**Exercise aim:** What appears from the first line of the records below through the line containing "X211950000Y-74375000D03*" must be reproduced verbatim.

**Input data:**
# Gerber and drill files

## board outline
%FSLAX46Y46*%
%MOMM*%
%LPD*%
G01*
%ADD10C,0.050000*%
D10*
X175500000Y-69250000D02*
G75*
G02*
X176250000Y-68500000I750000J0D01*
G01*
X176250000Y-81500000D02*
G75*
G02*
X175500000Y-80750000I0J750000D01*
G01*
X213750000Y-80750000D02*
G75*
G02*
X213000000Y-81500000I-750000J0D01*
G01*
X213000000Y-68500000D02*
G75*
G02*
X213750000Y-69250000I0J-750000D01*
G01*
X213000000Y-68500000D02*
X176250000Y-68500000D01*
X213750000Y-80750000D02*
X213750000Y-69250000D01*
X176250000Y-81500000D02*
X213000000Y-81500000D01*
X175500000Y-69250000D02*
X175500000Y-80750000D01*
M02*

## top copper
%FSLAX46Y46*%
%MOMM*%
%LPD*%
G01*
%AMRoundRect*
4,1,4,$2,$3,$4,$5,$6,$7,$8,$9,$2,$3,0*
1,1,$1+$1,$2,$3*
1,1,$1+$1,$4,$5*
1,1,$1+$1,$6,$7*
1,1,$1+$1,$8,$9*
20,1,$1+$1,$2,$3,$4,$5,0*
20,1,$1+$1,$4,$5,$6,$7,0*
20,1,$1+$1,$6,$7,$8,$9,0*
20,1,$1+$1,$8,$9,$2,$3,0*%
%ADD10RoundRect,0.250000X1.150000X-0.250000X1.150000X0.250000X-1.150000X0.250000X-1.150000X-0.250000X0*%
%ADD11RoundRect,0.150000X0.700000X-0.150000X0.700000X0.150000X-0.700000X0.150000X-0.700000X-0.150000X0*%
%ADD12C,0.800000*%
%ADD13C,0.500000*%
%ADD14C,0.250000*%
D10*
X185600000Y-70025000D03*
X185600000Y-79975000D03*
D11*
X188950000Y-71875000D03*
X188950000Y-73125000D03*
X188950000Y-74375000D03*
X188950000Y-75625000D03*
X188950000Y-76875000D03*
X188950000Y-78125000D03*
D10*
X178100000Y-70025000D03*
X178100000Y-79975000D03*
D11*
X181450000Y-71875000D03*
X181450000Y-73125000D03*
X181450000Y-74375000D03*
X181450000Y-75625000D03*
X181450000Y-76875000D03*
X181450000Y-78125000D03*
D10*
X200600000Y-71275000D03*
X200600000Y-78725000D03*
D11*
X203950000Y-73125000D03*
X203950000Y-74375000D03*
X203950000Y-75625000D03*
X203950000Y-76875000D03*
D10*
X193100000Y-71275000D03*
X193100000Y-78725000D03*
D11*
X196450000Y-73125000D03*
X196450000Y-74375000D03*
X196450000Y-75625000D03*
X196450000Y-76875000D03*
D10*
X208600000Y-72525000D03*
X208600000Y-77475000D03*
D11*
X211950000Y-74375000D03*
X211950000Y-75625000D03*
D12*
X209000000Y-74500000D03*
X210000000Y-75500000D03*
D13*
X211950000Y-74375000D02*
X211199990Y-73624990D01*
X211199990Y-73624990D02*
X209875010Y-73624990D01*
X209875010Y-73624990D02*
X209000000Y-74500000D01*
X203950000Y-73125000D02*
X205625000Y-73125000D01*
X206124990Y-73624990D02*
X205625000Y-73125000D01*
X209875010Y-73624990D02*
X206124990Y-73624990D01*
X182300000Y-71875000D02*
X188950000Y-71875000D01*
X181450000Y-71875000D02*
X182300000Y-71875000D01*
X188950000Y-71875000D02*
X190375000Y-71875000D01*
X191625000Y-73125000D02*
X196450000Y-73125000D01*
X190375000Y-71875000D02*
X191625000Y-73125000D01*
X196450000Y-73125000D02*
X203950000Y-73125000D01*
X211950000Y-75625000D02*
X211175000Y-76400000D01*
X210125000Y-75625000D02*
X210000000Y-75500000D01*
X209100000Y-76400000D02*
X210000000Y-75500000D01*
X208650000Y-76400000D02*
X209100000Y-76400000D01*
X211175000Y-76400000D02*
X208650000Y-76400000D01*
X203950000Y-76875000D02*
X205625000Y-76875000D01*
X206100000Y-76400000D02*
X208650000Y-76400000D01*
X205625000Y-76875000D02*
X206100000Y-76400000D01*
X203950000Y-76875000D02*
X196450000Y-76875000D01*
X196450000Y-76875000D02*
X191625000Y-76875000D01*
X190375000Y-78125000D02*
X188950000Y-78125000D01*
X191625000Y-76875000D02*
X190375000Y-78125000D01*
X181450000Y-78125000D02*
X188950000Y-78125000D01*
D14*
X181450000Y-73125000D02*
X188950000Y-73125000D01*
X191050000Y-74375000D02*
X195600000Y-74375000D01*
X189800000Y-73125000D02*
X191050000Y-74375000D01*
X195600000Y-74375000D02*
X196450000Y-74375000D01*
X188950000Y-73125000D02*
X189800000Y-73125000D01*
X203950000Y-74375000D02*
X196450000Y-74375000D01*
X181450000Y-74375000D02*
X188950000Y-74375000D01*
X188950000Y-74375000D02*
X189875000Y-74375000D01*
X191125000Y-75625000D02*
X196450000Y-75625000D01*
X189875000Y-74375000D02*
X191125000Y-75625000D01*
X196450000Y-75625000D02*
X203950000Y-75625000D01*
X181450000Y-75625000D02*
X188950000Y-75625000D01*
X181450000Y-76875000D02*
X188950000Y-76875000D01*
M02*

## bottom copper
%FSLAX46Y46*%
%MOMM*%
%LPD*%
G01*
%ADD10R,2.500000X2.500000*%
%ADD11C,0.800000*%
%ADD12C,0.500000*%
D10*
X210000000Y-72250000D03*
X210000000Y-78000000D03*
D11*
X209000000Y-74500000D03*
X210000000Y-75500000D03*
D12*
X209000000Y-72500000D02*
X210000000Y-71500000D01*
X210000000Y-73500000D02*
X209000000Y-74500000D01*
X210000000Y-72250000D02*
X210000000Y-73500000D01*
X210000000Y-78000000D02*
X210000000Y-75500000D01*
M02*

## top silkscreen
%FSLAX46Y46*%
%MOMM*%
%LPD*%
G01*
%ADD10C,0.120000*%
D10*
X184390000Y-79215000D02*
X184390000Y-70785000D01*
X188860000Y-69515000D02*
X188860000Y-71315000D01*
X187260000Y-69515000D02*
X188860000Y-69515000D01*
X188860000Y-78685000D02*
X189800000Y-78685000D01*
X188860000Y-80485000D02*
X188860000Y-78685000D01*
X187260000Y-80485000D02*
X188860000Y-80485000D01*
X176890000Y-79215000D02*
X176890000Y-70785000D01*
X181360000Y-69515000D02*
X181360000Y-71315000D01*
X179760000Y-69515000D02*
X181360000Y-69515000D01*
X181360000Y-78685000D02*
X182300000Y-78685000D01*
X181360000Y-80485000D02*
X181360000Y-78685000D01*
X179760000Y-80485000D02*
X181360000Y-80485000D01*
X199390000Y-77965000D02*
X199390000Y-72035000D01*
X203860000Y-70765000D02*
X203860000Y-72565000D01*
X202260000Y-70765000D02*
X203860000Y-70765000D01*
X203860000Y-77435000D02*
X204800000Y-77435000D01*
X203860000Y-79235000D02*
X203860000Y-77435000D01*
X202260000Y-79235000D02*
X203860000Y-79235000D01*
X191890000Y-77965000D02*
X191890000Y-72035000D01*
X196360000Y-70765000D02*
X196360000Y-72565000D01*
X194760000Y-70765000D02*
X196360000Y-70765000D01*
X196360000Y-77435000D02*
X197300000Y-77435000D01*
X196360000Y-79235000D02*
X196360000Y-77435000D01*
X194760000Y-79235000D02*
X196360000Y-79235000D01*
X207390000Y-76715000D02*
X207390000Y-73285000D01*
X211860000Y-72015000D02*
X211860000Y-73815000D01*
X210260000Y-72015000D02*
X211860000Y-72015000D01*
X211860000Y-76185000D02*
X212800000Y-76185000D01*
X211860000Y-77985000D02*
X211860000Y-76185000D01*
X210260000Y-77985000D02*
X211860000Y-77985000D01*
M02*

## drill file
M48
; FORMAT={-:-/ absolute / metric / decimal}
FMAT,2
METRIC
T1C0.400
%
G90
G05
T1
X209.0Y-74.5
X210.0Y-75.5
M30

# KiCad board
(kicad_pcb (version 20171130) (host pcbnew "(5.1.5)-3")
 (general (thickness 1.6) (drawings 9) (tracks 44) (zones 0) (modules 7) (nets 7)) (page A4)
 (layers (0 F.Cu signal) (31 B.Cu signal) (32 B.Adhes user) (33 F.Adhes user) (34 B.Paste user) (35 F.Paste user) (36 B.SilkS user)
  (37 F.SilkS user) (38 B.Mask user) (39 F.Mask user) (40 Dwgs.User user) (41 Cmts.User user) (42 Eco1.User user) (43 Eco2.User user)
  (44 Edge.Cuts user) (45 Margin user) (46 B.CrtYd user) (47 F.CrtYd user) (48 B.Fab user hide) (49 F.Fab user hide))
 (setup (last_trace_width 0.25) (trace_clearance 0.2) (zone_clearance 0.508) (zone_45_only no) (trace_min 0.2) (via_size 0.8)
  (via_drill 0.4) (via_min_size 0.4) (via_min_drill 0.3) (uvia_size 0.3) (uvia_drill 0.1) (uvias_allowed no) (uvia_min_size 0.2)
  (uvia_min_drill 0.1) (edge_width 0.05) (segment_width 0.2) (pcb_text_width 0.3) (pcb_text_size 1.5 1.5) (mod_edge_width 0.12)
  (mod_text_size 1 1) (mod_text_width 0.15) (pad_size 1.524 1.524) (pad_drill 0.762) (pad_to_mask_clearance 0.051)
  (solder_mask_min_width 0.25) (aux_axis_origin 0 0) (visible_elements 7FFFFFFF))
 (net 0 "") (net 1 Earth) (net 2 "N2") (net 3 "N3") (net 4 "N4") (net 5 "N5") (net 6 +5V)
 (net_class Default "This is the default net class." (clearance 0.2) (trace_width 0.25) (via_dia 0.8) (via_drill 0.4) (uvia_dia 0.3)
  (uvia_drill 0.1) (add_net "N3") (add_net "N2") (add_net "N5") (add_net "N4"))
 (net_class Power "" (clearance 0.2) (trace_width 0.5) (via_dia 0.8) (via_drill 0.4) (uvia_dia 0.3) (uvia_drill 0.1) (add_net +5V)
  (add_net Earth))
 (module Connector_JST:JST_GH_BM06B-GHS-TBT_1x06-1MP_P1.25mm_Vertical (layer F.Cu) (at 187 75 90)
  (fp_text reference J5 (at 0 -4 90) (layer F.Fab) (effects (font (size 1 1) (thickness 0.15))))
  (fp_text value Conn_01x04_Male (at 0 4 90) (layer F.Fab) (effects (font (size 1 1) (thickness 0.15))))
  (fp_line (start -4.215 -2.61) (end 4.215 -2.61) (layer F.SilkS) (width 0.12))
  (fp_line (start 5.485 1.86) (end 3.685 1.86) (layer F.SilkS) (width 0.12))
  (fp_line (start 5.485 0.26) (end 5.485 1.86) (layer F.SilkS) (width 0.12))
  (fp_line (start -3.685 1.86) (end -3.685 2.8) (layer F.SilkS) (width 0.12))
  (fp_line (start -5.485 1.86) (end -3.685 1.86) (layer F.SilkS) (width 0.12))
  (fp_line (start -5.485 0.26) (end -5.485 1.86) (layer F.SilkS) (width 0.12))
  (pad MP smd roundrect (at 4.975 -1.4 90) (size 1 2.8) (layers F.Cu F.Paste F.Mask) (roundrect_rratio 0.25))
  (pad MP smd roundrect (at -4.975 -1.4 90) (size 1 2.8) (layers F.Cu F.Paste F.Mask) (roundrect_rratio 0.25))
  (pad 6 smd roundrect (at 3.125 1.95 90) (size 0.6 1.7) (layers F.Cu F.Paste F.Mask) (roundrect_rratio 0.25) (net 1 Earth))
  (pad 5 smd roundrect (at 1.875 1.95 90) (size 0.6 1.7) (layers F.Cu F.Paste F.Mask) (roundrect_rratio 0.25) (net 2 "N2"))
  (pad 4 smd roundrect (at 0.625 1.95 90) (size 0.6 1.7) (layers F.Cu F.Paste F.Mask) (roundrect_rratio 0.25) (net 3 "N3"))
  (pad 3 smd roundrect (at -0.625 1.95 90) (size 0.6 1.7) (layers F.Cu F.Paste F.Mask) (roundrect_rratio 0.25) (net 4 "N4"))
  (pad 2 smd roundrect (at -1.875 1.95 90) (size 0.6 1.7) (layers F.Cu F.Paste F.Mask) (roundrect_rratio 0.25) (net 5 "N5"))
  (pad 1 smd roundrect (at -3.125 1.95 90) (size 0.6 1.7) (layers F.Cu F.Paste F.Mask) (roundrect_rratio 0.25) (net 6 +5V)))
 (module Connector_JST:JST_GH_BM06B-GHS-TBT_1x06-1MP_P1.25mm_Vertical (layer F.Cu) (at 179.5 75 90)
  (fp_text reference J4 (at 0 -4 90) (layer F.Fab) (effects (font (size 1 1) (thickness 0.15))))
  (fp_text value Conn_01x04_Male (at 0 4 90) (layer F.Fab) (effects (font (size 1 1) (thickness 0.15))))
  (fp_line (start -4.215 -2.61) (end 4.215 -2.61) (layer F.SilkS) (width 0.12))
  (fp_line (start 5.485 1.86) (end 3.685 1.86) (layer F.SilkS) (width 0.12))
  (fp_line (start 5.485 0.26) (end 5.485 1.86) (layer F.SilkS) (width 0.12))
  (fp_line (start -3.685 1.86) (end -3.685 2.8) (layer F.SilkS) (width 0.12))
  (fp_line (start -5.485 1.86) (end -3.685 1.86) (layer F.SilkS) (width 0.12))
  (fp_line (start -5.485 0.26) (end -5.485 1.86) (layer F.SilkS) (width 0.12))
  (pad MP smd roundrect (at 4.975 -1.4 90) (size 1 2.8) (layers F.Cu F.Paste F.Mask) (roundrect_rratio 0.25))
  (pad MP smd roundrect (at -4.975 -1.4 90) (size 1 2.8) (layers F.Cu F.Paste F.Mask) (roundrect_rratio 0.25))
  (pad 6 smd roundrect (at 3.125 1.95 90) (size 0.6 1.7) (layers F.Cu F.Paste F.Mask) (roundrect_rratio 0.25) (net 1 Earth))
  (pad 5 smd roundrect (at 1.875 1.95 90) (size 0.6 1.7) (layers F.Cu F.Paste F.Mask) (roundrect_rratio 0.25) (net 2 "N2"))
  (pad 4 smd roundrect (at 0.625 1.95 90) (size 0.6 1.7) (layers F.Cu F.Paste F.Mask) (roundrect_rratio 0.25) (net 3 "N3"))
  (pad 3 smd roundrect (at -0.625 1.95 90) (size 0.6 1.7) (layers F.Cu F.Paste F.Mask) (roundrect_rratio 0.25) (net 4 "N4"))
  (pad 2 smd roundrect (at -1.875 1.95 90) (size 0.6 1.7) (layers F.Cu F.Paste F.Mask) (roundrect_rratio 0.25) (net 5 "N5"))
  (pad 1 smd roundrect (at -3.125 1.95 90) (size 0.6 1.7) (layers F.Cu F.Paste F.Mask) (roundrect_rratio 0.25) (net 6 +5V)))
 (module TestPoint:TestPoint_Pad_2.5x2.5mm (layer B.Cu) (at 210 72.25)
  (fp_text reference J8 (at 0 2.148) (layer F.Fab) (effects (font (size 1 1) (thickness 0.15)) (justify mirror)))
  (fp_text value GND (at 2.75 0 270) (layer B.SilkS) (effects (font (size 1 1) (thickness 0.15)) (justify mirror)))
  (pad 1 smd rect (at 0 0) (size 2.5 2.5) (layers B.Cu B.Mask) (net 1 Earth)))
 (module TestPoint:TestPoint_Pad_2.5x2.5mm (layer B.Cu) (at 210 78)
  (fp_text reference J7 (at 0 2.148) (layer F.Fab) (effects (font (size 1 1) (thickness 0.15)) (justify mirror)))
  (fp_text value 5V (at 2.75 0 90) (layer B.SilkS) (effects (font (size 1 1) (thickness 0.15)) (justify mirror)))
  (pad 1 smd rect (at 0 0) (size 2.5 2.5) (layers B.Cu B.Mask) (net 6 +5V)))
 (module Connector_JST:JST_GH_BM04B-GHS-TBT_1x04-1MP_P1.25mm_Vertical (layer F.Cu) (at 202 75 90)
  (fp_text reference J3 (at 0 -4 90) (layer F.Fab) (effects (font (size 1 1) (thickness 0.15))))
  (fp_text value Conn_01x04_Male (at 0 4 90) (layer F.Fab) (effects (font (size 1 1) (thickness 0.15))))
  (fp_line (start -2.965 -2.61) (end 2.965 -2.61) (layer F.SilkS) (width 0.12))
  (fp_line (start 4.235 1.86) (end 2.435 1.86) (layer F.SilkS) (width 0.12))
  (fp_line (start 4.235 0.26) (end 4.235 1.86) (layer F.SilkS) (width 0.12))
  (fp_line (start -2.435 1.86) (end -2.435 2.8) (layer F.SilkS) (width 0.12))
  (fp_line (start -4.235 1.86) (end -2.435 1.86) (layer F.SilkS) (width 0.12))
  (fp_line (start -4.235 0.26) (end -4.235 1.86) (layer F.SilkS) (width 0.12))
  (pad MP smd roundrect (at 3.725 -1.4 90) (size 1 2.8) (layers F.Cu F.Paste F.Mask) (roundrect_rratio 0.25))
  (pad MP smd roundrect (at -3.725 -1.4 90) (size 1 2.8) (layers F.Cu F.Paste F.Mask) (roundrect_rratio 0.25))
  (pad 4 smd roundrect (at 1.875 1.95 90) (size 0.6 1.7) (layers F.Cu F.Paste F.Mask) (roundrect_rratio 0.25) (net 1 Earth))
  (pad 3 smd roundrect (at 0.625 1.95 90) (size 0.6 1.7) (layers F.Cu F.Paste F.Mask) (roundrect_rratio 0.25) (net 2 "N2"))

**Answer for this exercise:**
# Gerber and drill files

## board outline
%FSLAX46Y46*%
%MOMM*%
%LPD*%
G01*
%ADD10C,0.050000*%
D10*
X175500000Y-69250000D02*
G75*
G02*
X176250000Y-68500000I750000J0D01*
G01*
X176250000Y-81500000D02*
G75*
G02*
X175500000Y-80750000I0J750000D01*
G01*
X213750000Y-80750000D02*
G75*
G02*
X213000000Y-81500000I-750000J0D01*
G01*
X213000000Y-68500000D02*
G75*
G02*
X213750000Y-69250000I0J-750000D01*
G01*
X213000000Y-68500000D02*
X176250000Y-68500000D01*
X213750000Y-80750000D02*
X213750000Y-69250000D01*
X176250000Y-81500000D02*
X213000000Y-81500000D01*
X175500000Y-69250000D02*
X175500000Y-80750000D01*
M02*

## top copper
%FSLAX46Y46*%
%MOMM*%
%LPD*%
G01*
%AMRoundRect*
4,1,4,$2,$3,$4,$5,$6,$7,$8,$9,$2,$3,0*
1,1,$1+$1,$2,$3*
1,1,$1+$1,$4,$5*
1,1,$1+$1,$6,$7*
1,1,$1+$1,$8,$9*
20,1,$1+$1,$2,$3,$4,$5,0*
20,1,$1+$1,$4,$5,$6,$7,0*
20,1,$1+$1,$6,$7,$8,$9,0*
20,1,$1+$1,$8,$9,$2,$3,0*%
%ADD10RoundRect,0.250000X1.150000X-0.250000X1.150000X0.250000X-1.150000X0.250000X-1.150000X-0.250000X0*%
%ADD11RoundRect,0.150000X0.700000X-0.150000X0.700000X0.150000X-0.700000X0.150000X-0.700000X-0.150000X0*%
%ADD12C,0.800000*%
%ADD13C,0.500000*%
%ADD14C,0.250000*%
D10*
X185600000Y-70025000D03*
X185600000Y-79975000D03*
D11*
X188950000Y-71875000D03*
X188950000Y-73125000D03*
X188950000Y-74375000D03*
X188950000Y-75625000D03*
X188950000Y-76875000D03*
X188950000Y-78125000D03*
D10*
X178100000Y-70025000D03*
X178100000Y-79975000D03*
D11*
X181450000Y-71875000D03*
X181450000Y-73125000D03*
X181450000Y-74375000D03*
X181450000Y-75625000D03*
X181450000Y-76875000D03*
X181450000Y-78125000D03*
D10*
X200600000Y-71275000D03*
X200600000Y-78725000D03*
D11*
X203950000Y-73125000D03*
X203950000Y-74375000D03*
X203950000Y-75625000D03*
X203950000Y-76875000D03*
D10*
X193100000Y-71275000D03*
X193100000Y-78725000D03*
D11*
X196450000Y-73125000D03*
X196450000Y-74375000D03*
X196450000Y-75625000D03*
X196450000Y-76875000D03*
D10*
X208600000Y-72525000D03*
X208600000Y-77475000D03*
D11*
X211950000Y-74375000D03*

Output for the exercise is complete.